Danish singer and songwriter

Nicole Stokholm Pedersen (born 30 June 1977), known professionally as Sada Vidoo, is a Danish-Palestinian singer and songwriter. She is best known for taking part in series thirteen of The X Factor UK and Dansk Melodi Grand Prix 2017.

==Life and career==

===Early life and career beginnings===
Nicole Stokholm Pedersen was born on 30 June 1977 in Copenhagen to a Danish mother and a Palestinian father, who left Vidoo's family when she was young. Because she was bullied at school, she started writing and recording songs as a form of escape. As a result, Vidoo pursued a music career.

Under her given name Nicole, she signed a record deal with Virgin Records Denmark in the late 1990s and came to prominence by singing the hook to DJ Aligator's 2000 single "Lollipop". The song hit the top 10 in Norway and Sweden and was the sixth best-selling single of 2000 in Denmark. Her debut single, "Hide Away", was released in 2001, and a series of singles through Virgin followed until the label dropped her because the singer was not "pretty enough for the camera." Since then, Vidoo focused on songwriting. Her first hit as a songwriter became "Ten Miles", released by Infernal in 2006. The song hit number two on the Polish Airplay Chart and was certified Platinum in Denmark. Between 2002 and 2007, the artist would tour as the lead singer for Snap! in Europe. In 2008, she became a finalist on the Danish vocal talent show Elsk mig i nat from Kanal 5. As Nicole Stokholm, the singer was part of the group The Stokholm Promise, which released the 2010 charity single "United" featuring Danish rapper M.I.L.O.—former ISAF 9 soldier—in honour of Danish soldiers who died in Afghanistan. Also in 2010, the artist adopted the stage name Miss Nicole and was featured on Danish rapper Sami Krid's Danish-language single "Kostbar", which had a music video released in 2011.
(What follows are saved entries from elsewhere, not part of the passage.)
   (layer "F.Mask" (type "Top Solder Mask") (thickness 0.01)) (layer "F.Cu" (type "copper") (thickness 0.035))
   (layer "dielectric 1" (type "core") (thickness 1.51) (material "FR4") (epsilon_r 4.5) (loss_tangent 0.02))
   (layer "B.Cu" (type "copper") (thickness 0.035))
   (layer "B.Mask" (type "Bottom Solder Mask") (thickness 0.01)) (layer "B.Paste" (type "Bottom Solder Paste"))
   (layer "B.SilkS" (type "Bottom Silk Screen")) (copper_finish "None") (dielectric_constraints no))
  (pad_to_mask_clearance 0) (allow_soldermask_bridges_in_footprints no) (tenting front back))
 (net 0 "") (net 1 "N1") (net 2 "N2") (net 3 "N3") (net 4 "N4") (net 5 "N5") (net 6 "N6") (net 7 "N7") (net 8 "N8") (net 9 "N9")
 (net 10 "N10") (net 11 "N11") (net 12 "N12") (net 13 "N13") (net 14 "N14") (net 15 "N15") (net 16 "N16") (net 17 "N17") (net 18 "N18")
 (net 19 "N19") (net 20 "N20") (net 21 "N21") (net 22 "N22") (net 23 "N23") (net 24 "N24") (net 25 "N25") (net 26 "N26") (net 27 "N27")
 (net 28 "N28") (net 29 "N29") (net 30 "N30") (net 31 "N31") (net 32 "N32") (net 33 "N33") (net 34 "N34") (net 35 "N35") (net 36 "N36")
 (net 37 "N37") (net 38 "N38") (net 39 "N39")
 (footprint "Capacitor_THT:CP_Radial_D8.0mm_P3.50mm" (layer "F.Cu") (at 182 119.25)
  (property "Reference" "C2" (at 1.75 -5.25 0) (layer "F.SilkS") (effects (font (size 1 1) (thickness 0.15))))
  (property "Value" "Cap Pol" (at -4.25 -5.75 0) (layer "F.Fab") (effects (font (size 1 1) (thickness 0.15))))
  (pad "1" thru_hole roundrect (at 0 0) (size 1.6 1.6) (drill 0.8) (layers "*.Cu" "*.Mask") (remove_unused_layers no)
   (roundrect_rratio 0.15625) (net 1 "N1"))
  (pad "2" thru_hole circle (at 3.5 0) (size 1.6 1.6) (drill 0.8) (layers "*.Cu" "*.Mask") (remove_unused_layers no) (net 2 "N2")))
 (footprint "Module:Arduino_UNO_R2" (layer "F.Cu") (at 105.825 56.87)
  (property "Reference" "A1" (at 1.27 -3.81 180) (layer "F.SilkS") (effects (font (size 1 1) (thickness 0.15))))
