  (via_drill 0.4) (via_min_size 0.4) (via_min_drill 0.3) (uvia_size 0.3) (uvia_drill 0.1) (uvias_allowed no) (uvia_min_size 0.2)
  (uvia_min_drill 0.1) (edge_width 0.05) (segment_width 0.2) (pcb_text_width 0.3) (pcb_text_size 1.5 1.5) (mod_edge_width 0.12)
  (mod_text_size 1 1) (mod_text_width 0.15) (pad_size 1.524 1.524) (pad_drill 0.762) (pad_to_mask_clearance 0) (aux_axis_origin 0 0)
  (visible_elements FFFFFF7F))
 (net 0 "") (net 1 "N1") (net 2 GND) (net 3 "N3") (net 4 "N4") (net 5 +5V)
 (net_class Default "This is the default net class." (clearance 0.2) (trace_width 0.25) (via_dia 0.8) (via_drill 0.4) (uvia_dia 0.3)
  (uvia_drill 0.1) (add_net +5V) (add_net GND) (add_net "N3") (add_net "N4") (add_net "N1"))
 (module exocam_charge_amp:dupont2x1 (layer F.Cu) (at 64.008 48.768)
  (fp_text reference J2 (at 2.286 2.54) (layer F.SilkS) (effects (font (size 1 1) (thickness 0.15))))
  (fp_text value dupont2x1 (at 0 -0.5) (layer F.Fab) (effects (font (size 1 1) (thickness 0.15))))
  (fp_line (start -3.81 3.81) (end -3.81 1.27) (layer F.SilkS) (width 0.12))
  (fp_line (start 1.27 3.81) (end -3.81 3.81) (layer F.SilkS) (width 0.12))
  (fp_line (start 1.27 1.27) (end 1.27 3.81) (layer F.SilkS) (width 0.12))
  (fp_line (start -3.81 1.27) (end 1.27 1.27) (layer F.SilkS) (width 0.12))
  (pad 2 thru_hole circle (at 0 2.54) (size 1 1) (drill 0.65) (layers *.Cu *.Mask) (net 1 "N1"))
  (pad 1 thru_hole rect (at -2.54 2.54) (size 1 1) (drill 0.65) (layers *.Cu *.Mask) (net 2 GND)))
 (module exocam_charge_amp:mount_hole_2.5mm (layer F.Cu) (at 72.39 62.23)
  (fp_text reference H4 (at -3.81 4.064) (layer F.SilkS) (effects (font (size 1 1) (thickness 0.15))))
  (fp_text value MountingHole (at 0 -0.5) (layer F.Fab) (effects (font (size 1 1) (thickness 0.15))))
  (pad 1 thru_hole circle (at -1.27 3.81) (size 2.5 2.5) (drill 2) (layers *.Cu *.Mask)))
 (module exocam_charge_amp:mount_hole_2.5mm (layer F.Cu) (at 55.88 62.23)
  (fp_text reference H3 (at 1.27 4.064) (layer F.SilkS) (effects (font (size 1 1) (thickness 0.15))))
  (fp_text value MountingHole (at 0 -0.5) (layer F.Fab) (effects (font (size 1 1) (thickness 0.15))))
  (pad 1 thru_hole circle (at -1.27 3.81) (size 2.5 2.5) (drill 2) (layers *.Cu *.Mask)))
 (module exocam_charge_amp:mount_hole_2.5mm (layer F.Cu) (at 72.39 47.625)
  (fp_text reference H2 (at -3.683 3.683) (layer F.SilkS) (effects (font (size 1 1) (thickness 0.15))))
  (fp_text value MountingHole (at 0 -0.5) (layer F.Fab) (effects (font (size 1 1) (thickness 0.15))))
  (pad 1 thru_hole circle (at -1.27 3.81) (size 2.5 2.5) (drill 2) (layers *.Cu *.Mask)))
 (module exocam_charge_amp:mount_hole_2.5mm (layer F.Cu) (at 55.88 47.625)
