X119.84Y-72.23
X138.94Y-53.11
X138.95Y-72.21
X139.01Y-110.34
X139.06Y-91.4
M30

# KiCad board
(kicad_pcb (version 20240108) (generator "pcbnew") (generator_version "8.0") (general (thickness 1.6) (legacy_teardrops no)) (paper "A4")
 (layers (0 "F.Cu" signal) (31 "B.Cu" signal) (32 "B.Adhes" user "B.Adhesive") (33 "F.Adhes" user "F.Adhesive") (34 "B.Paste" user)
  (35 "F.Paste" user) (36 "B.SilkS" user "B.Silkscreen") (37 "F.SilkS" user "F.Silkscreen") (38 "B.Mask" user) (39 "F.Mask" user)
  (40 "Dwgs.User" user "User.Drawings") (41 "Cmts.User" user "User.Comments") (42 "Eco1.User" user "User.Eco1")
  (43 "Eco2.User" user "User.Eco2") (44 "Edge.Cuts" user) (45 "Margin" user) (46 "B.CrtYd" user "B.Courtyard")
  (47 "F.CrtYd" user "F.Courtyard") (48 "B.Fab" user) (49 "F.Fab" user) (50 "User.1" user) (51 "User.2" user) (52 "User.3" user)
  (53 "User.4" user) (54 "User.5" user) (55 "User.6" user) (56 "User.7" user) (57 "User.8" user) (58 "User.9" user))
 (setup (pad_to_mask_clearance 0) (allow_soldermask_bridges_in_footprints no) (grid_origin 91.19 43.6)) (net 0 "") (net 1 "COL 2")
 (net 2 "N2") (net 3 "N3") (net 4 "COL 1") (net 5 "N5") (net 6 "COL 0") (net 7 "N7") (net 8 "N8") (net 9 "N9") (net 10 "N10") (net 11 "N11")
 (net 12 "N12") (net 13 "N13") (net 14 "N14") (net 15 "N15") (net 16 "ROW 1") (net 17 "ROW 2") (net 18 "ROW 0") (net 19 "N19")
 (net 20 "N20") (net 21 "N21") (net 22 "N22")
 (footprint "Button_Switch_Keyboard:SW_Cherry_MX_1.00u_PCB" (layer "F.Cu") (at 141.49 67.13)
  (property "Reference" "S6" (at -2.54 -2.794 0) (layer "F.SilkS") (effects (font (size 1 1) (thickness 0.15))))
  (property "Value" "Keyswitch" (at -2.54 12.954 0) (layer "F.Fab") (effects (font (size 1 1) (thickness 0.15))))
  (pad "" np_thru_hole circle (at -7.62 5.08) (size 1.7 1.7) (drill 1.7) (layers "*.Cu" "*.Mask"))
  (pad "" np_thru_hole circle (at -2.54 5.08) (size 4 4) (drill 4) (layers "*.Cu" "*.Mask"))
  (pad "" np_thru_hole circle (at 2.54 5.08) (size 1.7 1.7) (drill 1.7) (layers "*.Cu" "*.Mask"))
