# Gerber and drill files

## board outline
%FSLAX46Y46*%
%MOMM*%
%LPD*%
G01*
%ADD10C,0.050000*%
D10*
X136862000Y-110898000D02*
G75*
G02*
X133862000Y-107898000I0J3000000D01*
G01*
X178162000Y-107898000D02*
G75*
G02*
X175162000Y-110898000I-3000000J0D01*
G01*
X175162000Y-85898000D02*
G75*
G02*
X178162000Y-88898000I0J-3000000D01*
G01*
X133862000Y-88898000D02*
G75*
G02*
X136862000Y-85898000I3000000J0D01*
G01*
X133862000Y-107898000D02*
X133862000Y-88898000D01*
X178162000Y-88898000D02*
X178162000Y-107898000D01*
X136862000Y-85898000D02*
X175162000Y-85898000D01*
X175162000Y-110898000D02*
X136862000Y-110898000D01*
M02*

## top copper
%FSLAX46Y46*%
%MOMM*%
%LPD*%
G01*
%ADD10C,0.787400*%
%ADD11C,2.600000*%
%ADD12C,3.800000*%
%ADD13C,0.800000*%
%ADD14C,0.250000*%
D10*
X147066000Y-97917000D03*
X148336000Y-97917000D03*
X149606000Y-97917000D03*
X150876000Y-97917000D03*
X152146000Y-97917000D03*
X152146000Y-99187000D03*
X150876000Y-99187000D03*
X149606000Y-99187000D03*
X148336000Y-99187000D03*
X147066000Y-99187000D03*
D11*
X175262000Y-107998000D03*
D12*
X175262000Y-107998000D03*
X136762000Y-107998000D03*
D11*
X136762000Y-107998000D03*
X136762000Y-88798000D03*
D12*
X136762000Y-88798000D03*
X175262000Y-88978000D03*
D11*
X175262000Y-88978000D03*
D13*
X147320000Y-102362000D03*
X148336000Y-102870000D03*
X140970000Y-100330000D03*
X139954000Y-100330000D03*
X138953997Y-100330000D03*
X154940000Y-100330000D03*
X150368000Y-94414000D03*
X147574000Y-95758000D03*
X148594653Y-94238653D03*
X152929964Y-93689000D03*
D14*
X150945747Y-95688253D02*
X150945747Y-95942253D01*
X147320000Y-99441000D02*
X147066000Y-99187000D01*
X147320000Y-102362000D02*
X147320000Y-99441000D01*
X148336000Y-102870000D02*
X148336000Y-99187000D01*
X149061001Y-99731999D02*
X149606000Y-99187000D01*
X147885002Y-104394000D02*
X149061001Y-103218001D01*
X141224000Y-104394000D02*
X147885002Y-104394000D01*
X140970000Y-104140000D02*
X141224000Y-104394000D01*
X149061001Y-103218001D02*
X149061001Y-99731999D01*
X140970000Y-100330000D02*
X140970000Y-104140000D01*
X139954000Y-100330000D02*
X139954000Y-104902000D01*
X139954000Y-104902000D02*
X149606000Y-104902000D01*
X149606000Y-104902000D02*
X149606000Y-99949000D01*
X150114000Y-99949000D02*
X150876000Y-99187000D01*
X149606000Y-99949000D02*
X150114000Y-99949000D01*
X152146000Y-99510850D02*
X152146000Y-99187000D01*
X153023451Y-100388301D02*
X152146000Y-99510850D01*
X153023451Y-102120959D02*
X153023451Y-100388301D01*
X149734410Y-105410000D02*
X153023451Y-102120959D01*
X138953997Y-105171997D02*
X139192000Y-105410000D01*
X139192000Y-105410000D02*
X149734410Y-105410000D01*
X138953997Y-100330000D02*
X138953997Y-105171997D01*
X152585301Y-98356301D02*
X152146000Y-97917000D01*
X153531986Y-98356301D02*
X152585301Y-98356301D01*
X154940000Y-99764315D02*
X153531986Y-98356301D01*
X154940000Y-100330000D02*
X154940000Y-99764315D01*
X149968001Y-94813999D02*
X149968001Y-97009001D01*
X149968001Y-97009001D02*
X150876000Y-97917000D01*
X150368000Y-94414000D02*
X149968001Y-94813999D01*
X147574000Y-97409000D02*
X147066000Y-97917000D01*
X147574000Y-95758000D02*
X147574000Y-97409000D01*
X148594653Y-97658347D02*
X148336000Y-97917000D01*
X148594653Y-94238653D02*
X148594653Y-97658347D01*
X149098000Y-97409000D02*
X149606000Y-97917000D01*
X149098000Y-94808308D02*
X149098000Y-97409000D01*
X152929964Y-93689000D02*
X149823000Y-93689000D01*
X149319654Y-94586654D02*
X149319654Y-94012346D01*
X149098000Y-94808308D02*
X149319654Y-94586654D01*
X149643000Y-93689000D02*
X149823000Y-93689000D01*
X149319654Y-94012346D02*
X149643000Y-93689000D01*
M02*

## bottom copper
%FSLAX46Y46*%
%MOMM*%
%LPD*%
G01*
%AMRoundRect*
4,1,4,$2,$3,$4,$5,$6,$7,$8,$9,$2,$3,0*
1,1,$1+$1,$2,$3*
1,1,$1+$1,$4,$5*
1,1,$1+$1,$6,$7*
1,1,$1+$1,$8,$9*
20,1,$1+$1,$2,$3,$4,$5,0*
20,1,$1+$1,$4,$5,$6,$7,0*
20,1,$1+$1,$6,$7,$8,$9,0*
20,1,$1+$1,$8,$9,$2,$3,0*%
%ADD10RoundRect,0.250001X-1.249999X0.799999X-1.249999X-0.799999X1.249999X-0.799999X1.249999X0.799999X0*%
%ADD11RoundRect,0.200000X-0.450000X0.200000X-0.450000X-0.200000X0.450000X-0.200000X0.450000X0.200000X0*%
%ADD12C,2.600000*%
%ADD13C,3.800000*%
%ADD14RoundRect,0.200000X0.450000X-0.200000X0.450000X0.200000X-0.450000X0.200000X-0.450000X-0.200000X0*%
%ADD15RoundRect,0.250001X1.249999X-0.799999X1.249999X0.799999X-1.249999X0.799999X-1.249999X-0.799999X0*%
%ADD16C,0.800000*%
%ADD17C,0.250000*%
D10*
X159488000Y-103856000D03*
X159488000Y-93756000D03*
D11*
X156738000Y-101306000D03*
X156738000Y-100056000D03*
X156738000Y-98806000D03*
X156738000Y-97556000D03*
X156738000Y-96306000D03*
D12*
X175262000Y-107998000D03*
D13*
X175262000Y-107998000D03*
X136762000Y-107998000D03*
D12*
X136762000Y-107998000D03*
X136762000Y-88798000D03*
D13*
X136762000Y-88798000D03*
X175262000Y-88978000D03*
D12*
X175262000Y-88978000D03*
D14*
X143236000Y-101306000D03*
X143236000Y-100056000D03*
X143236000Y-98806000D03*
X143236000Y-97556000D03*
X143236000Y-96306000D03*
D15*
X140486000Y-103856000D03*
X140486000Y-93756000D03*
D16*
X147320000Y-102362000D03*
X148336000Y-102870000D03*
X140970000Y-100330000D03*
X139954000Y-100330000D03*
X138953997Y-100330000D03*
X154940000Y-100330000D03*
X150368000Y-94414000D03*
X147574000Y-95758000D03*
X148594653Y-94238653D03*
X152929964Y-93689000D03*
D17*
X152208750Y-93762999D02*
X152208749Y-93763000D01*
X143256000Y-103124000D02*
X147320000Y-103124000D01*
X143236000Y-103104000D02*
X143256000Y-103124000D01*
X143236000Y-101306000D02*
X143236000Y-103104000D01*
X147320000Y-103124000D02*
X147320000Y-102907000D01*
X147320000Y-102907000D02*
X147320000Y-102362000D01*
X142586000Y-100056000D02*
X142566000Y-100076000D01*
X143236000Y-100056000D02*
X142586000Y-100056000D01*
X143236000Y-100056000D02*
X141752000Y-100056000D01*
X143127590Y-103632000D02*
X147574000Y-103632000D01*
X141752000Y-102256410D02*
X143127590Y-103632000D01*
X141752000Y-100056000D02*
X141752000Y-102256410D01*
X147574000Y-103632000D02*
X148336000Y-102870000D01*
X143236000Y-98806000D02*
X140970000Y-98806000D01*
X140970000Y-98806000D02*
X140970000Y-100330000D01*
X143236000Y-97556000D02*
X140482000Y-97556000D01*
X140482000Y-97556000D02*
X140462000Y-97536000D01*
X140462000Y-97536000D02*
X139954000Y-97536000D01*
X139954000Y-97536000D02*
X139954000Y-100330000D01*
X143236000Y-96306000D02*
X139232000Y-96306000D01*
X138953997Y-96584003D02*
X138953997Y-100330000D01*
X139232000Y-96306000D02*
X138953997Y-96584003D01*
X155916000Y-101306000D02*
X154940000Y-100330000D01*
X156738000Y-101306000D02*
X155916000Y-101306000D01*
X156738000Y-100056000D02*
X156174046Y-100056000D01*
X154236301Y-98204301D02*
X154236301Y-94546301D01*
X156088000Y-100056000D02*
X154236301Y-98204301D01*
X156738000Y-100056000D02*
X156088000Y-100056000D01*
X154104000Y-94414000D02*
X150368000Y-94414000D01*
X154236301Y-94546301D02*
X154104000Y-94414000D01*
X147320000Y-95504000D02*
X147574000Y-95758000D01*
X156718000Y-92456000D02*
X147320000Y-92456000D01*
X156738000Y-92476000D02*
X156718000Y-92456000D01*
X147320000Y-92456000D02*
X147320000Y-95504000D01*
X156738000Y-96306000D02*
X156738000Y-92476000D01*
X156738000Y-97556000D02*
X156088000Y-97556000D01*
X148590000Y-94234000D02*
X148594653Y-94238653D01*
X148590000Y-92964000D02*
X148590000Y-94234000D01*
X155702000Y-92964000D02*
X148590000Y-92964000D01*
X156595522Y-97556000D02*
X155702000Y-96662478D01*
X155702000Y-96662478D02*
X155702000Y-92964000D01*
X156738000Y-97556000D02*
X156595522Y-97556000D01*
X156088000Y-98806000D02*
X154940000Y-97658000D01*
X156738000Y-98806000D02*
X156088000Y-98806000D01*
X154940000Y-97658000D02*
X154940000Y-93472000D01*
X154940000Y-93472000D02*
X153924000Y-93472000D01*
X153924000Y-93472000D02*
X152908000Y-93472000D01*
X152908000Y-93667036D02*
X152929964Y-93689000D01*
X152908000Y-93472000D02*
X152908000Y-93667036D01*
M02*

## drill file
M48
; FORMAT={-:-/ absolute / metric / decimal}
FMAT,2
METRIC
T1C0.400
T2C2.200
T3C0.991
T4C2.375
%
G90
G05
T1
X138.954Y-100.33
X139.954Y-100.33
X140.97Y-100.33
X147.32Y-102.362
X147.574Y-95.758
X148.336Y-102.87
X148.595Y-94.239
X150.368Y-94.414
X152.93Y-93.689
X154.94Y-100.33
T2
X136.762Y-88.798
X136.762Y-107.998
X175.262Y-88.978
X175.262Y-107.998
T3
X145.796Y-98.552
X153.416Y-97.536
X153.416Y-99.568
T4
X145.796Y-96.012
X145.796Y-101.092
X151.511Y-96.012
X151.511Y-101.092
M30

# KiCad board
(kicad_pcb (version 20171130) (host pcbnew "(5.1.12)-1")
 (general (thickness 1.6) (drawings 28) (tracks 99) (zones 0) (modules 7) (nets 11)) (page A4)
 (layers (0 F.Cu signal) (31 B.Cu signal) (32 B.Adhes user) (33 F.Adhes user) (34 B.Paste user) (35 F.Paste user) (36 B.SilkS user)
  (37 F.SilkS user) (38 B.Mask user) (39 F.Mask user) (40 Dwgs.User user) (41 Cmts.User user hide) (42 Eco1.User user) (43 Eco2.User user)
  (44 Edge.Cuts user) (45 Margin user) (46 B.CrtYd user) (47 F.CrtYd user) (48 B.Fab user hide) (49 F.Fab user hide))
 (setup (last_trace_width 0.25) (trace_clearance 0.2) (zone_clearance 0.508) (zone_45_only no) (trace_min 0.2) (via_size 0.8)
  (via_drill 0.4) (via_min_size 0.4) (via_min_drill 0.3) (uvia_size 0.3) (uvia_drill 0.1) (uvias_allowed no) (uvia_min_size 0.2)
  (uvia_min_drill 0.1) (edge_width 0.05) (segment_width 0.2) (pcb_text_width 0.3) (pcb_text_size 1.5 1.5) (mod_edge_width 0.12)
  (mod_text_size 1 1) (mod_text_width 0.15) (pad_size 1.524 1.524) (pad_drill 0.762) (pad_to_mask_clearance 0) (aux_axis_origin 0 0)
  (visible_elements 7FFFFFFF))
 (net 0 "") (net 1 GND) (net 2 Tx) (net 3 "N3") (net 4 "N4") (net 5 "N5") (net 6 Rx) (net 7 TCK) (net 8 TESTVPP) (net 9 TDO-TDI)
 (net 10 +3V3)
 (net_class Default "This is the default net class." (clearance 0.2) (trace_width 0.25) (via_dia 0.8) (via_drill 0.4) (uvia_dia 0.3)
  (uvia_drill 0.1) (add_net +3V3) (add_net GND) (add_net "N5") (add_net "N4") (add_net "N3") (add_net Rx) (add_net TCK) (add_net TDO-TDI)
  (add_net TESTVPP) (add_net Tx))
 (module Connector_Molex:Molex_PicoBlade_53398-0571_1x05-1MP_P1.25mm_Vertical (layer B.Cu) (at 157.988 98.806 270)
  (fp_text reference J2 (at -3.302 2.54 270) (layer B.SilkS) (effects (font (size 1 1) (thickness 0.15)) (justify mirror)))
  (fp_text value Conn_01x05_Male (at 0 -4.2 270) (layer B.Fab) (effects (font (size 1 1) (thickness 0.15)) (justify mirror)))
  (pad MP smd roundrect (at 5.05 -1.5 270) (size 2.1 3) (layers B.Cu B.Paste B.Mask) (roundrect_rratio 0.119048))
  (pad MP smd roundrect (at -5.05 -1.5 270) (size 2.1 3) (layers B.Cu B.Paste B.Mask) (roundrect_rratio 0.119048))
  (pad 5 smd roundrect (at 2.5 1.25 270) (size 0.8 1.3) (layers B.Cu B.Paste B.Mask) (roundrect_rratio 0.25) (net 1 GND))
  (pad 4 smd roundrect (at 1.25 1.25 270) (size 0.8 1.3) (layers B.Cu B.Paste B.Mask) (roundrect_rratio 0.25) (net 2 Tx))
  (pad 3 smd roundrect (at 0 1.25 270) (size 0.8 1.3) (layers B.Cu B.Paste B.Mask) (roundrect_rratio 0.25) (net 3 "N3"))
  (pad 2 smd roundrect (at -1.25 1.25 270) (size 0.8 1.3) (layers B.Cu B.Paste B.Mask) (roundrect_rratio 0.25) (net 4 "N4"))
  (pad 1 smd roundrect (at -2.5 1.25 270) (size 0.8 1.3) (layers B.Cu B.Paste B.Mask) (roundrect_rratio 0.25) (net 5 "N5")))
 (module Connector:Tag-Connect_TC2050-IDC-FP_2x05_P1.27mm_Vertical (layer F.Cu) (at 149.606 98.552)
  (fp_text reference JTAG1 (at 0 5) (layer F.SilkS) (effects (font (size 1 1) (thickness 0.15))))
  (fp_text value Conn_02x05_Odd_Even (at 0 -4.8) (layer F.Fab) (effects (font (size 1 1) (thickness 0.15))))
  (pad "" np_thru_hole circle (at 1.905 -2.54) (size 2.3749 2.3749) (drill 2.3749) (layers *.Cu *.Mask))
  (pad "" np_thru_hole circle (at 1.905 2.54) (size 2.3749 2.3749) (drill 2.3749) (layers *.Cu *.Mask))
  (pad "" np_thru_hole circle (at -3.81 2.54) (size 2.3749 2.3749) (drill 2.3749) (layers *.Cu *.Mask))
  (pad "" np_thru_hole circle (at -3.81 -2.54) (size 2.3749 2.3749) (drill 2.3749) (layers *.Cu *.Mask))
  (pad 10 connect circle (at -2.54 -0.635) (size 0.7874 0.7874) (layers F.Cu F.Mask) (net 5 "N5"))
  (pad 9 connect circle (at -1.27 -0.635) (size 0.7874 0.7874) (layers F.Cu F.Mask) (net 4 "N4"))
  (pad 8 connect circle (at 0 -0.635) (size 0.7874 0.7874) (layers F.Cu F.Mask) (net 3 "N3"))
  (pad 7 connect circle (at 1.27 -0.635) (size 0.7874 0.7874) (layers F.Cu F.Mask) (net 2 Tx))
  (pad 6 connect circle (at 2.54 -0.635) (size 0.7874 0.7874) (layers F.Cu F.Mask) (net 1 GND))
  (pad 5 connect circle (at 2.54 0.635) (size 0.7874 0.7874) (layers F.Cu F.Mask) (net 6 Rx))
  (pad 4 connect circle (at 1.27 0.635) (size 0.7874 0.7874) (layers F.Cu F.Mask) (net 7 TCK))
  (pad 3 connect circle (at 0 0.635) (size 0.7874 0.7874) (layers F.Cu F.Mask) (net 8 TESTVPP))
  (pad 2 connect circle (at -1.27 0.635) (size 0.7874 0.7874) (layers F.Cu F.Mask) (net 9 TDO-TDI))
  (pad 1 connect circle (at -2.54 0.635) (size 0.7874 0.7874) (layers F.Cu F.Mask) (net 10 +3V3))
  (pad "" np_thru_hole circle (at -3.81 0) (size 0.9906 0.9906) (drill 0.9906) (layers *.Cu *.Mask))
  (pad "" np_thru_hole circle (at 3.81 1.016) (size 0.9906 0.9906) (drill 0.9906) (layers *.Cu *.Mask))
  (pad "" np_thru_hole circle (at 3.81 -1.016) (size 0.9906 0.9906) (drill 0.9906) (layers *.Cu *.Mask)))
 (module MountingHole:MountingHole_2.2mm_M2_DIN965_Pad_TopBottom (layer F.Cu) (at 175.262 107.998)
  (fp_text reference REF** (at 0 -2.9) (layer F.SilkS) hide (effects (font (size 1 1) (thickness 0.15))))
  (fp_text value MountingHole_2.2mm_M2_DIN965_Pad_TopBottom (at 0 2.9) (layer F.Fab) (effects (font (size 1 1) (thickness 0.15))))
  (pad 1 thru_hole circle (at 0 0) (size 2.6 2.6) (drill 2.2) (layers *.Cu *.Mask))
  (pad 1 connect circle (at 0 0) (size 3.8 3.8) (layers F.Cu F.Mask))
===2012–present: A Story with No End, The X Factor and Dansk Melodi Grand Prix===
In 2012, Vidoo moved to London, where she started working with British musicians Russ and Chris Ballard. She later adopted her "living doll" persona Sada Vidoo, and released her debut album A Story with No End on 11 August 2014 through Target Records. The album includes three singles—"The Actress", "China Doll", and a cover of Pat Benatar's "Love Is a Battlefield"—and received mixed to positive reviews. The singer performed at the 2014 edition of Copenhagen Pride also in August of that year. With "Love Is a Battlefield", Vidoo auditioned for the thirteenth series of the British The X Factor in 2016. After singing "Hold On" in bootcamp and "Numb" during the Six-Chair Challenge, she was eliminated in the process of going to the Judge's House with mentor Sharon Osbourne in the "Over 25" category. Vidoo was among the auditionees who returned to the X Factor stage and performed "Nothing's Gonna Stop Us Now" in the final.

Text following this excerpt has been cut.